#### Records provided:
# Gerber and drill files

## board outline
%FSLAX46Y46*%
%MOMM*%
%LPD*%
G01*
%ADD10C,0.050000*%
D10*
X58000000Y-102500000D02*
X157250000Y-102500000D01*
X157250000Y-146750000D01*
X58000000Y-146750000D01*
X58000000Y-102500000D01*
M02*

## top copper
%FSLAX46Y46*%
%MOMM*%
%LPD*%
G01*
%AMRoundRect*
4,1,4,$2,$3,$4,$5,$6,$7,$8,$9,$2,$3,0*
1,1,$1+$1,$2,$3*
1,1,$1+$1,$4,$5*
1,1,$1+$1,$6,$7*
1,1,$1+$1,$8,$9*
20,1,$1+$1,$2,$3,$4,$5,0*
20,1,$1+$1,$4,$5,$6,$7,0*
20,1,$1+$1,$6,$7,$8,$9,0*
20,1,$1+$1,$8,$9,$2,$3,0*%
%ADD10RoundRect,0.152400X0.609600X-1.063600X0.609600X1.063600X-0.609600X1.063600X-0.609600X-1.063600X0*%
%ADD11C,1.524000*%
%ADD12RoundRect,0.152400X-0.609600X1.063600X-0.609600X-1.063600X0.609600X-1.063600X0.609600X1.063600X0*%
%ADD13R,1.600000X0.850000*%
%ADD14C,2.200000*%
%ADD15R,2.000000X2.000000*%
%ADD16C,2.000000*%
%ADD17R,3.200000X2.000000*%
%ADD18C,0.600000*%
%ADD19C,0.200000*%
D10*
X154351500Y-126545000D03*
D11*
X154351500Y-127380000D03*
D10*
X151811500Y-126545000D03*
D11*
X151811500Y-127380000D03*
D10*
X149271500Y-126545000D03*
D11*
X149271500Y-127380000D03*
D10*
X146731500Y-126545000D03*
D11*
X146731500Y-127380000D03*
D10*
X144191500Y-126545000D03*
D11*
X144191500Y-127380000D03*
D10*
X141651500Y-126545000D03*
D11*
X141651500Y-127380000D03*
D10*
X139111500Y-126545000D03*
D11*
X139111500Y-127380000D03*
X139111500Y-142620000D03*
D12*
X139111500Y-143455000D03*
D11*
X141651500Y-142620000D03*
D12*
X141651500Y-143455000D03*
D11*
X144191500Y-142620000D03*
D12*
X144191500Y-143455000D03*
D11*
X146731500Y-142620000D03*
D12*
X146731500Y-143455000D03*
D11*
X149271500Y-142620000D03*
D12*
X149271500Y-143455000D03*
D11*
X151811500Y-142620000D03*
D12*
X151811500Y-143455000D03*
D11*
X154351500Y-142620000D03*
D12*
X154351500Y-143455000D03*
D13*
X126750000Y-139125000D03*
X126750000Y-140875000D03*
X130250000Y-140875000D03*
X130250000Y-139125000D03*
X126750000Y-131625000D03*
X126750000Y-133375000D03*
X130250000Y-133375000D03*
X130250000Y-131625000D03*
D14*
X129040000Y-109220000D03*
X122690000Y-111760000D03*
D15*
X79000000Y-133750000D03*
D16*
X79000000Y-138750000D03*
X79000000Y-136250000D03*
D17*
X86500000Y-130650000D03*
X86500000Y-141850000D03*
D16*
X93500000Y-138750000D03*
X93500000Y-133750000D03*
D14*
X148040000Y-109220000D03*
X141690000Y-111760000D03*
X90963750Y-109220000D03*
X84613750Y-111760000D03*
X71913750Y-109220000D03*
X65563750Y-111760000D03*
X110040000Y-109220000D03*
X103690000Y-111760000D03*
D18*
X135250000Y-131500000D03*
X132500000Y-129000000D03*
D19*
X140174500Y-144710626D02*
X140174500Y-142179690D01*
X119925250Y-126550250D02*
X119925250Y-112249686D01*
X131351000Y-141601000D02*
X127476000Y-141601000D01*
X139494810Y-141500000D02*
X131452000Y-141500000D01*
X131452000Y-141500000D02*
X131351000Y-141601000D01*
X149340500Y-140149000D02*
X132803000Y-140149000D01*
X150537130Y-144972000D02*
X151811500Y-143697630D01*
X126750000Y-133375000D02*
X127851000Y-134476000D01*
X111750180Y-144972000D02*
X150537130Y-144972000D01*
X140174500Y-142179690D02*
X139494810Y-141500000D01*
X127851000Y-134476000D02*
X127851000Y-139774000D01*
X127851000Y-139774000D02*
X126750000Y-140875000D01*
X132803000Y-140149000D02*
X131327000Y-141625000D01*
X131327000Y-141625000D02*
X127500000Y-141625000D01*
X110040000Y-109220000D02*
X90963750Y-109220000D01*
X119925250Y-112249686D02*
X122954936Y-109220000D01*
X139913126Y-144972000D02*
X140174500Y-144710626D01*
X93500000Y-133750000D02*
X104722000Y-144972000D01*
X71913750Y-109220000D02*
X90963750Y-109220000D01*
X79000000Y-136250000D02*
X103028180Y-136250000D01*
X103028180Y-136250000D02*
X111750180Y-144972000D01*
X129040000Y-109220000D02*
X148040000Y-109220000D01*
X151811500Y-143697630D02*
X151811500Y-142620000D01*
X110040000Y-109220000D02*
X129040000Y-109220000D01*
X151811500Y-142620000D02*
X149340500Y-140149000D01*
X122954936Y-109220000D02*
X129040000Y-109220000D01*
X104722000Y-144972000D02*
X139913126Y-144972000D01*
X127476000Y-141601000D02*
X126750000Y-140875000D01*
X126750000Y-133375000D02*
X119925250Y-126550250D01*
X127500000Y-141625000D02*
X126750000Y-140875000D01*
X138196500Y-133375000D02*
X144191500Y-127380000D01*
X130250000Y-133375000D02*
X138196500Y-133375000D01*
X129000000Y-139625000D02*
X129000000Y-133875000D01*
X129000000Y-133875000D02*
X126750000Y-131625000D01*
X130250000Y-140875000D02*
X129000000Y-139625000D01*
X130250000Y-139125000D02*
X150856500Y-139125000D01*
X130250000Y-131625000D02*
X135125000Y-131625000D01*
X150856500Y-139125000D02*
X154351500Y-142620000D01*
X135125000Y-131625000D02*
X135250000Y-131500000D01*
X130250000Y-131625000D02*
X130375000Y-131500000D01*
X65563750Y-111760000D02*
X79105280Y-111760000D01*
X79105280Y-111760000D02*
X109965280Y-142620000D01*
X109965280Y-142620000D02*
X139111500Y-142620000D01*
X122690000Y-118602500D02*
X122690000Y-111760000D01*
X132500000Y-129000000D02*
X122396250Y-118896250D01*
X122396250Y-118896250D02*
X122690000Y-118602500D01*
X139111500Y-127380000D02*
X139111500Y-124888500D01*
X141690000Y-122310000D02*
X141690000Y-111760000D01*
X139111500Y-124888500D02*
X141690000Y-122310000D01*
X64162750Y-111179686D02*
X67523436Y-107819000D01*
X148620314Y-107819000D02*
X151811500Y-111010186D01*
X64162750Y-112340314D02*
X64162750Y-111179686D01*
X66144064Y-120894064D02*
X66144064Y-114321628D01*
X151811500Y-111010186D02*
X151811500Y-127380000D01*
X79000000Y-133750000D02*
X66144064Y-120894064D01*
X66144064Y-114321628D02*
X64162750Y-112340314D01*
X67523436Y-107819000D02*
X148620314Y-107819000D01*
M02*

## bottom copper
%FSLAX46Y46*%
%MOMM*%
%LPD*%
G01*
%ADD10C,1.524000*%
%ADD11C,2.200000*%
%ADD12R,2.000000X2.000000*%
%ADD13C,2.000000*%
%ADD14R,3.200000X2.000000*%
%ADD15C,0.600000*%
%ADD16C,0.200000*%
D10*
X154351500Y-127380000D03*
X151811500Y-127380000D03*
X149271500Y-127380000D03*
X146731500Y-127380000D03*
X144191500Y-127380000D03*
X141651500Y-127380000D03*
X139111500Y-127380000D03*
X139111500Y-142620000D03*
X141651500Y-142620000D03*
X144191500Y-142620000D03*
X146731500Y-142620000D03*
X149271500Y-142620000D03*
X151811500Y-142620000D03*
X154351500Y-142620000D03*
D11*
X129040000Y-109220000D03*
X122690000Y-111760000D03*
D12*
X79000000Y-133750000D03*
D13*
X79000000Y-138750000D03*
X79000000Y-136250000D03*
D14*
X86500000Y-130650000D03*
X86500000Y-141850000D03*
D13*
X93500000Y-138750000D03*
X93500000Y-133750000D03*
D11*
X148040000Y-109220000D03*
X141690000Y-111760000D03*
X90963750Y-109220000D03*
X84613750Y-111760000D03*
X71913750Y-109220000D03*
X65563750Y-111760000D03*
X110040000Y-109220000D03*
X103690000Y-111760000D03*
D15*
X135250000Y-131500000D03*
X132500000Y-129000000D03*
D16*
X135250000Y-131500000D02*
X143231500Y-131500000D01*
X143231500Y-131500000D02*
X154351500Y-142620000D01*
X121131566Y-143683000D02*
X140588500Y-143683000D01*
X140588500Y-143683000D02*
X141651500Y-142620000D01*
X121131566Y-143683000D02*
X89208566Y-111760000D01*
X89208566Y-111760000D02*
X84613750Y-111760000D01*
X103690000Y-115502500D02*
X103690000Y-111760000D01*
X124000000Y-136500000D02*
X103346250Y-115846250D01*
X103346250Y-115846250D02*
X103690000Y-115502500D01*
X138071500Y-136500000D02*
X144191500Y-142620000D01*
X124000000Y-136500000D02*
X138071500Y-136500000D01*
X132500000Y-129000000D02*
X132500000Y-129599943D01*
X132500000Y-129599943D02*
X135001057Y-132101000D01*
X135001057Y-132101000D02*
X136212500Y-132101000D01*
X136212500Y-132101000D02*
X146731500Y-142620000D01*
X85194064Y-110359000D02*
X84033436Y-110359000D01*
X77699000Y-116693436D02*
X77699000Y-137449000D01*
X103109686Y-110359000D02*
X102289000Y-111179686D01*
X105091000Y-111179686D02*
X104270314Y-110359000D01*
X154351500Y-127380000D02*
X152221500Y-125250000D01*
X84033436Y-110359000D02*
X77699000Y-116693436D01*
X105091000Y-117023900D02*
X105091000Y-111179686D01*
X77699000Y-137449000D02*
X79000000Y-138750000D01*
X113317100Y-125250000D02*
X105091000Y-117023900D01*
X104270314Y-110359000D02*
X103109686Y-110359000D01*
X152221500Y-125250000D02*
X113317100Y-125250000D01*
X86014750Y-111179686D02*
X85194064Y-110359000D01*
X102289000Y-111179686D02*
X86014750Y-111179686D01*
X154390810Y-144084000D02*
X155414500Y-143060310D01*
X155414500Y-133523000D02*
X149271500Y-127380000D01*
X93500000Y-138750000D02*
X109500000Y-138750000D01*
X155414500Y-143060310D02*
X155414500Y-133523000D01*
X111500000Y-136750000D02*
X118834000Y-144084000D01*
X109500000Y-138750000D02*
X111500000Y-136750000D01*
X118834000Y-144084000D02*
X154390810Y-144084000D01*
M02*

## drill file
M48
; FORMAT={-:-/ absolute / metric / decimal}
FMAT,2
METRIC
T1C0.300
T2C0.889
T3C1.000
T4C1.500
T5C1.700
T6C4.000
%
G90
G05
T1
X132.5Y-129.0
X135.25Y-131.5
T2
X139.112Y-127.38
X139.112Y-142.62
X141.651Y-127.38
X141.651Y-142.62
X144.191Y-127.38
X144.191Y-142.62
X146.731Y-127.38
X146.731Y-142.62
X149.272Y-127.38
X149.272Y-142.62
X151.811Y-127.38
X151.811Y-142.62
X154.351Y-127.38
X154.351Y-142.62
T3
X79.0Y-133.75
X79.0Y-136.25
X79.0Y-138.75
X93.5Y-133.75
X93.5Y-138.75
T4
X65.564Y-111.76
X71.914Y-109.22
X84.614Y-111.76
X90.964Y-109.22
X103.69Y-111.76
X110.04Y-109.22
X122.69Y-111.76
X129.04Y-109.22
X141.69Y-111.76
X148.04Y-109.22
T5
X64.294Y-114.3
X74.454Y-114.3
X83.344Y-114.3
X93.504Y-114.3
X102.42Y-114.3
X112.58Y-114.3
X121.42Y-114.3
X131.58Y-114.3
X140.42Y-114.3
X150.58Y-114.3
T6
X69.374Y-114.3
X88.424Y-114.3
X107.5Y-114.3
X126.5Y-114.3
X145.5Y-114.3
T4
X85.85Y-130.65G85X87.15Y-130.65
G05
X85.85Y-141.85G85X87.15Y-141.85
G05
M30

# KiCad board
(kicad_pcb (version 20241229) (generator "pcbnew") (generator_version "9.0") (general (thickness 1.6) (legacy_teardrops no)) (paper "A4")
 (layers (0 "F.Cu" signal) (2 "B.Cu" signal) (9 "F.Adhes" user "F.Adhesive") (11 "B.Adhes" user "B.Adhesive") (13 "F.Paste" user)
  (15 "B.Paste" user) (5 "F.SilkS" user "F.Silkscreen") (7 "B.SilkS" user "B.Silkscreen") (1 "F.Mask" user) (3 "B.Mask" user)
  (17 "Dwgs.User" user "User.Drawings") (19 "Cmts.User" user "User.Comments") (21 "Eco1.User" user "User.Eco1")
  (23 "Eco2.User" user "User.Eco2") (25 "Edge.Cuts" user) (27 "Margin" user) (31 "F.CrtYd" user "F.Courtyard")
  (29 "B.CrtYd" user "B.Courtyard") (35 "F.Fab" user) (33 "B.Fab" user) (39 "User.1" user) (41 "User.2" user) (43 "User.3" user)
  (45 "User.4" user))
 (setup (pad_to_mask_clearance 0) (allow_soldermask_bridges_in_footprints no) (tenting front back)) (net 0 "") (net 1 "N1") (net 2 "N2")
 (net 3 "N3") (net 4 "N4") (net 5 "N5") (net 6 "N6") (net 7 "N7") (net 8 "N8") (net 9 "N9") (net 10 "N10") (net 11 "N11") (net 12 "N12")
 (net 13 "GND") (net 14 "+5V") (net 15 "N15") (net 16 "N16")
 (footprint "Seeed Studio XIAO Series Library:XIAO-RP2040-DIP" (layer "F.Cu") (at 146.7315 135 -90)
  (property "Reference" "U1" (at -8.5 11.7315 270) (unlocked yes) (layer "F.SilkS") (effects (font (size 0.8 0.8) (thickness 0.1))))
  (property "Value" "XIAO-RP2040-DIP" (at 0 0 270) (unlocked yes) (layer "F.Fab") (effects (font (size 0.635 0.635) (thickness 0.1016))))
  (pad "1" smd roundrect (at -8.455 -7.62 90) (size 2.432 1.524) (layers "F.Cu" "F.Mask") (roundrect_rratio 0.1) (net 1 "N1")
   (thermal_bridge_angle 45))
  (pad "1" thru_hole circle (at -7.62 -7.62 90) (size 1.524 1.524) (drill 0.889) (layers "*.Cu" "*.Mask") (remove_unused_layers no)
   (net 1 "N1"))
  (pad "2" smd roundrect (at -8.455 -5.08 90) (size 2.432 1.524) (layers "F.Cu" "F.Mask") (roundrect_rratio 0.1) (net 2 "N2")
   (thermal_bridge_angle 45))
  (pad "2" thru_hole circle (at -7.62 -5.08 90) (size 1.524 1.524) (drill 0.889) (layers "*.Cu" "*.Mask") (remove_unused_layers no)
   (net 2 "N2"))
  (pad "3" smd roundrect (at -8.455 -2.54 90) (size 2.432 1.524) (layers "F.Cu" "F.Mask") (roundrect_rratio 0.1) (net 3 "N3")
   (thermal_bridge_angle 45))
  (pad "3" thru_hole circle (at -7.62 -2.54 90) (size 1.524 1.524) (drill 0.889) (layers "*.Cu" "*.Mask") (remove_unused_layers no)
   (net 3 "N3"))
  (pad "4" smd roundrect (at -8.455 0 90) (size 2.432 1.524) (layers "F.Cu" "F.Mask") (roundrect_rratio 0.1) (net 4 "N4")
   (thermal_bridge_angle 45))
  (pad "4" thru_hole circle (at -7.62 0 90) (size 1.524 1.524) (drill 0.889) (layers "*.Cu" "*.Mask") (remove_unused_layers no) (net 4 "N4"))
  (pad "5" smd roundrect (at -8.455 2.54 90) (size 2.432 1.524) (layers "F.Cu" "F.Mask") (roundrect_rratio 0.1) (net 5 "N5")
--
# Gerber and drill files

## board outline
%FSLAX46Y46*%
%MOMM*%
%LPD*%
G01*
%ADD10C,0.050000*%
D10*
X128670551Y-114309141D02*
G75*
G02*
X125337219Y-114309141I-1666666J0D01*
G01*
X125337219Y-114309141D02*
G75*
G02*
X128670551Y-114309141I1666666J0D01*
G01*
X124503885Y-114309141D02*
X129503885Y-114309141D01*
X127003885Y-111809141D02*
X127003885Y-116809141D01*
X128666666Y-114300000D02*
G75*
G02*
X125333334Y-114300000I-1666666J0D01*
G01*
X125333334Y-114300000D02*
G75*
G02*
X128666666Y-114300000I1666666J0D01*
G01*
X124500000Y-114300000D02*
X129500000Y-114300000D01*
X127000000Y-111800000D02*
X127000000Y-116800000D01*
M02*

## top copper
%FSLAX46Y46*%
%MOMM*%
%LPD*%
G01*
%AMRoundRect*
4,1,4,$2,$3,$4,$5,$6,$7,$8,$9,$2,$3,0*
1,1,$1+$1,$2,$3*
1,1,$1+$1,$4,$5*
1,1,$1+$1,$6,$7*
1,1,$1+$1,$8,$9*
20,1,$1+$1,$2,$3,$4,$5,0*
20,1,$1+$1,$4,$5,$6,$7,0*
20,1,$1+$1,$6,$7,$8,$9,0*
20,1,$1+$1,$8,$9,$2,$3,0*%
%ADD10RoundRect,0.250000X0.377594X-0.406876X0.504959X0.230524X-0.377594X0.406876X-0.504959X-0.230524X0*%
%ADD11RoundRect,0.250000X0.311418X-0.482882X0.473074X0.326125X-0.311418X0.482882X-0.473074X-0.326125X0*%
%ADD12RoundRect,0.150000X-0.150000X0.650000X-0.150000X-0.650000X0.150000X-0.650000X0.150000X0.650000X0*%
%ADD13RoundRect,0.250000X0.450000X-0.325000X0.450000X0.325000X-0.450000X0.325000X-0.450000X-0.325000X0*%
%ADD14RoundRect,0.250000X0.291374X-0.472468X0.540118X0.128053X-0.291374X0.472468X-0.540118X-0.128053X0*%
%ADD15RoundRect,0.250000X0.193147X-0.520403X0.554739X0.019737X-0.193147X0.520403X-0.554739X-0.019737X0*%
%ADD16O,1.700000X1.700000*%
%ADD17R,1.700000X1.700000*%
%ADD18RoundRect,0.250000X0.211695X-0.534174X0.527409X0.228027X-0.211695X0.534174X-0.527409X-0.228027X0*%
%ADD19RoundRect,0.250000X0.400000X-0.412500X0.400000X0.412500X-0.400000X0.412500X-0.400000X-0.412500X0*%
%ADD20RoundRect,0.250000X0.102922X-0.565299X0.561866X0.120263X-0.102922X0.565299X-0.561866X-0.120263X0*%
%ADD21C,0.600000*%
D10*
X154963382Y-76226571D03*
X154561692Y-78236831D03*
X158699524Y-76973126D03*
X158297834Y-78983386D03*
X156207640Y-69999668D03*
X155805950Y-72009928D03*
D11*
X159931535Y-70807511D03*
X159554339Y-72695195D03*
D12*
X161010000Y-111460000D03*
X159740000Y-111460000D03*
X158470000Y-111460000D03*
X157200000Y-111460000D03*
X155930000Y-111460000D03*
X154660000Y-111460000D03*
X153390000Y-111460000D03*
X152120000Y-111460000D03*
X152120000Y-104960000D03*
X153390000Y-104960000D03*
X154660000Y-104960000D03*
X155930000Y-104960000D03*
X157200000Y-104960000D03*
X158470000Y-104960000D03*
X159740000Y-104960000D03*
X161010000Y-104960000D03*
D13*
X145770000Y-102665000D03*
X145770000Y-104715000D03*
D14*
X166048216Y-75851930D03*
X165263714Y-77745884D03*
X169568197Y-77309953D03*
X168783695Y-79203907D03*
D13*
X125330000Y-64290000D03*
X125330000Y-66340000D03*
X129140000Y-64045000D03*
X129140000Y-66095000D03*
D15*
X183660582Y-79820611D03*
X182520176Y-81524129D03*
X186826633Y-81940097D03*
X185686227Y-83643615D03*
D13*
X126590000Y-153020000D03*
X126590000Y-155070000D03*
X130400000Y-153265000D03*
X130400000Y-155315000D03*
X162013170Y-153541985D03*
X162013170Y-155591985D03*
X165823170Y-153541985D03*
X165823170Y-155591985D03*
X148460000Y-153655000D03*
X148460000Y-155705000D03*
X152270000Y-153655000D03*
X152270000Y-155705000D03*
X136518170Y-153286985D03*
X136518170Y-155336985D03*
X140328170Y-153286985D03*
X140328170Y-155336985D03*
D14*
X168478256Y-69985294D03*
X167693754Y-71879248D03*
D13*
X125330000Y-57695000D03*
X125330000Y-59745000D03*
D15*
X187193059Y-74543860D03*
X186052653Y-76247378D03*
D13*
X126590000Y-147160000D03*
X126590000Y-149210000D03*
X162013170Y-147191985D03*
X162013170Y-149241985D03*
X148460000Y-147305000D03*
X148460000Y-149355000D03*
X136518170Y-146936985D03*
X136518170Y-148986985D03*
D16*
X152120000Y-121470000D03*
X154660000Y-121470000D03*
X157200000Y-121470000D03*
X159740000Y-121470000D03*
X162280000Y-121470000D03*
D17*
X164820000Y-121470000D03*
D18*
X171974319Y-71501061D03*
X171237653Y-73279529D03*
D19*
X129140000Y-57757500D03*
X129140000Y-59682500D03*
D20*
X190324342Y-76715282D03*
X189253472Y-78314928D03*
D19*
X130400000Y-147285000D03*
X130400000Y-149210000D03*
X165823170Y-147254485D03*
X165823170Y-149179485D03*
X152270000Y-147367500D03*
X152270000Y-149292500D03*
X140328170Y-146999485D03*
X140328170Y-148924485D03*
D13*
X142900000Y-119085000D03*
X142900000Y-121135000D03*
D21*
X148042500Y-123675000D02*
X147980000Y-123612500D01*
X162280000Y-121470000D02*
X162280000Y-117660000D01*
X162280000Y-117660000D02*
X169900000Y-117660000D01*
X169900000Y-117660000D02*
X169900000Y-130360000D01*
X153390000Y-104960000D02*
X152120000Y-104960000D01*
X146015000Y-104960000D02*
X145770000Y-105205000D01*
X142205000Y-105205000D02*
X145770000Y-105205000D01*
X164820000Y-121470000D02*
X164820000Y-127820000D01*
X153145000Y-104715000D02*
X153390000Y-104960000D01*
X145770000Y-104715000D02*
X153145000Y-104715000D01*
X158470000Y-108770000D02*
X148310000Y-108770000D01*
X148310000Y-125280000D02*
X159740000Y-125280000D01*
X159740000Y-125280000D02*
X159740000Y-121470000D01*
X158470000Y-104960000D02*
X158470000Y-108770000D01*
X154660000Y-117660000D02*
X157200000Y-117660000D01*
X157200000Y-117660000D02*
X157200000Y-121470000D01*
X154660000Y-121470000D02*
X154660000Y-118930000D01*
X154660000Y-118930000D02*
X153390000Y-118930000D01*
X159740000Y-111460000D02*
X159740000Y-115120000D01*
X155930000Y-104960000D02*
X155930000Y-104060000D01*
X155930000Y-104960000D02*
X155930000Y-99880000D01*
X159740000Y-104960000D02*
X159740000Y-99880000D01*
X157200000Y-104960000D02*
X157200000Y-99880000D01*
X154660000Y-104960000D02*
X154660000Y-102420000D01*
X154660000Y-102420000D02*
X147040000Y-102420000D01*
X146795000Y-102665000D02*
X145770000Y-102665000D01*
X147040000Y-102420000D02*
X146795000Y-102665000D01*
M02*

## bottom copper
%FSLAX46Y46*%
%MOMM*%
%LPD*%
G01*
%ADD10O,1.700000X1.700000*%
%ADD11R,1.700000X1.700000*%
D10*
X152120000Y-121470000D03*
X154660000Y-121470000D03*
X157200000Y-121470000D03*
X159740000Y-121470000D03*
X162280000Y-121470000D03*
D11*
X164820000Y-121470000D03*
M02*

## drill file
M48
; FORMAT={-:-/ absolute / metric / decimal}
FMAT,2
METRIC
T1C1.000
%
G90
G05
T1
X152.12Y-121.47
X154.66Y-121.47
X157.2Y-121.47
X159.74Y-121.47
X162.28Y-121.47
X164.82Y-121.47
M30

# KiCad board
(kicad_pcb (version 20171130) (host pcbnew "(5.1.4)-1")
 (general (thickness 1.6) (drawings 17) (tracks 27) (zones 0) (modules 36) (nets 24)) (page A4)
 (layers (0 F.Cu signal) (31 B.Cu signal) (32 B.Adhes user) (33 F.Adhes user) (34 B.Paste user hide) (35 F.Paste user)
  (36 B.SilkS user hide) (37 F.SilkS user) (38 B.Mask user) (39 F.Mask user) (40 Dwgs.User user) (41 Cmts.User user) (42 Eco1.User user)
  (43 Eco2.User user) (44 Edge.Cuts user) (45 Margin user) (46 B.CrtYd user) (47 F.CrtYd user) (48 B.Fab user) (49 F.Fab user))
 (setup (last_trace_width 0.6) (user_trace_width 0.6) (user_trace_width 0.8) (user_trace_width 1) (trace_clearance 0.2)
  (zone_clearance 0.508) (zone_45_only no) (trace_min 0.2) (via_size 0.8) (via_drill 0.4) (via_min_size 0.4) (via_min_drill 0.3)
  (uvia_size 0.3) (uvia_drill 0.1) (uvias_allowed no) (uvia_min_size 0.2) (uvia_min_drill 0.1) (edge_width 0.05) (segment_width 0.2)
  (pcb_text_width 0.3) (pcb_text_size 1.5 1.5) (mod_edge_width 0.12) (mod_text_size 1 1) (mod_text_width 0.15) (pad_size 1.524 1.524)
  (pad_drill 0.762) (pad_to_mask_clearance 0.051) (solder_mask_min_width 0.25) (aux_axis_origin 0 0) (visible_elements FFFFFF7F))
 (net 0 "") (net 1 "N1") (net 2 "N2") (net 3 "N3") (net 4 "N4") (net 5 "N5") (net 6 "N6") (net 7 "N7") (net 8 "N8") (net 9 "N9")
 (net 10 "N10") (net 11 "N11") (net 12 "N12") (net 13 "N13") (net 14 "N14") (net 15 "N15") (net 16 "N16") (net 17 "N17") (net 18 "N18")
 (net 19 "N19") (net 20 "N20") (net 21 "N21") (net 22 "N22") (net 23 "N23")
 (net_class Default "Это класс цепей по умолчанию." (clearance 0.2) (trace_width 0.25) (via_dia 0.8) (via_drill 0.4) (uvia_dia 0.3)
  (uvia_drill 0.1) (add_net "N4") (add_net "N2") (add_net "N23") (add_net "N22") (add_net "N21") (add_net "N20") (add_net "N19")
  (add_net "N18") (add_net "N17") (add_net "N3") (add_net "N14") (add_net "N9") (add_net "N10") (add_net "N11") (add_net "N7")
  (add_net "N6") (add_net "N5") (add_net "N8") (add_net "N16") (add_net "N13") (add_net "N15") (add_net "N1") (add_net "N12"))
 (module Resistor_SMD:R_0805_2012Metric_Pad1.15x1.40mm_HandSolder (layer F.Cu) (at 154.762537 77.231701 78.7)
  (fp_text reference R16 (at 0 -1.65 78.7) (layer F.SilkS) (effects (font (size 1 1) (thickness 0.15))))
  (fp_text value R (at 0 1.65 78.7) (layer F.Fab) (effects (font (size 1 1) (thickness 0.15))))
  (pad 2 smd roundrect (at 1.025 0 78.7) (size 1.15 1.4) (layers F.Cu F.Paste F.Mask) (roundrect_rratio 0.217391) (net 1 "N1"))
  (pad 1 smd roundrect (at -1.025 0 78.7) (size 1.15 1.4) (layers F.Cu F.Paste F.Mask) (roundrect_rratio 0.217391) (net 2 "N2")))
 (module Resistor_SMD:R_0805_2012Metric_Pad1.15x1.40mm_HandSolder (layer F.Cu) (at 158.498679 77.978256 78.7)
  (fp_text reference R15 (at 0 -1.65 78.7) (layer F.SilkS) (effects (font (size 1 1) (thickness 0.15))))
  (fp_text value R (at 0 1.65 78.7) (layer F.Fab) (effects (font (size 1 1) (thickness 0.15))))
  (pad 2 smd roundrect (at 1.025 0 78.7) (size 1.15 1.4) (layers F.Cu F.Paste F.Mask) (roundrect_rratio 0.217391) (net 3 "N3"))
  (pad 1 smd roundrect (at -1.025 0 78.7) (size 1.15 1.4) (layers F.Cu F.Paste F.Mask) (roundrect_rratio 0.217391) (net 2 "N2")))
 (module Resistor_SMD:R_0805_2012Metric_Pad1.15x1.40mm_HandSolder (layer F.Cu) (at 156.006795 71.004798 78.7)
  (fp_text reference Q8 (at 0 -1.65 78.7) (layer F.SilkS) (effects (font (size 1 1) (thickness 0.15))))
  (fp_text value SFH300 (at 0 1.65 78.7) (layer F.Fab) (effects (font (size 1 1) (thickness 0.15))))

#### Problem requirements:
Find every line in the records that has the word "signal". Copy those lines.

#### Task output:
 (layers (0 "F.Cu" signal) (2 "B.Cu" signal) (9 "F.Adhes" user "F.Adhesive") (11 "B.Adhes" user "B.Adhesive") (13 "F.Paste" user)
 (layers (0 F.Cu signal) (31 B.Cu signal) (32 B.Adhes user) (33 F.Adhes user) (34 B.Paste user hide) (35 F.Paste user)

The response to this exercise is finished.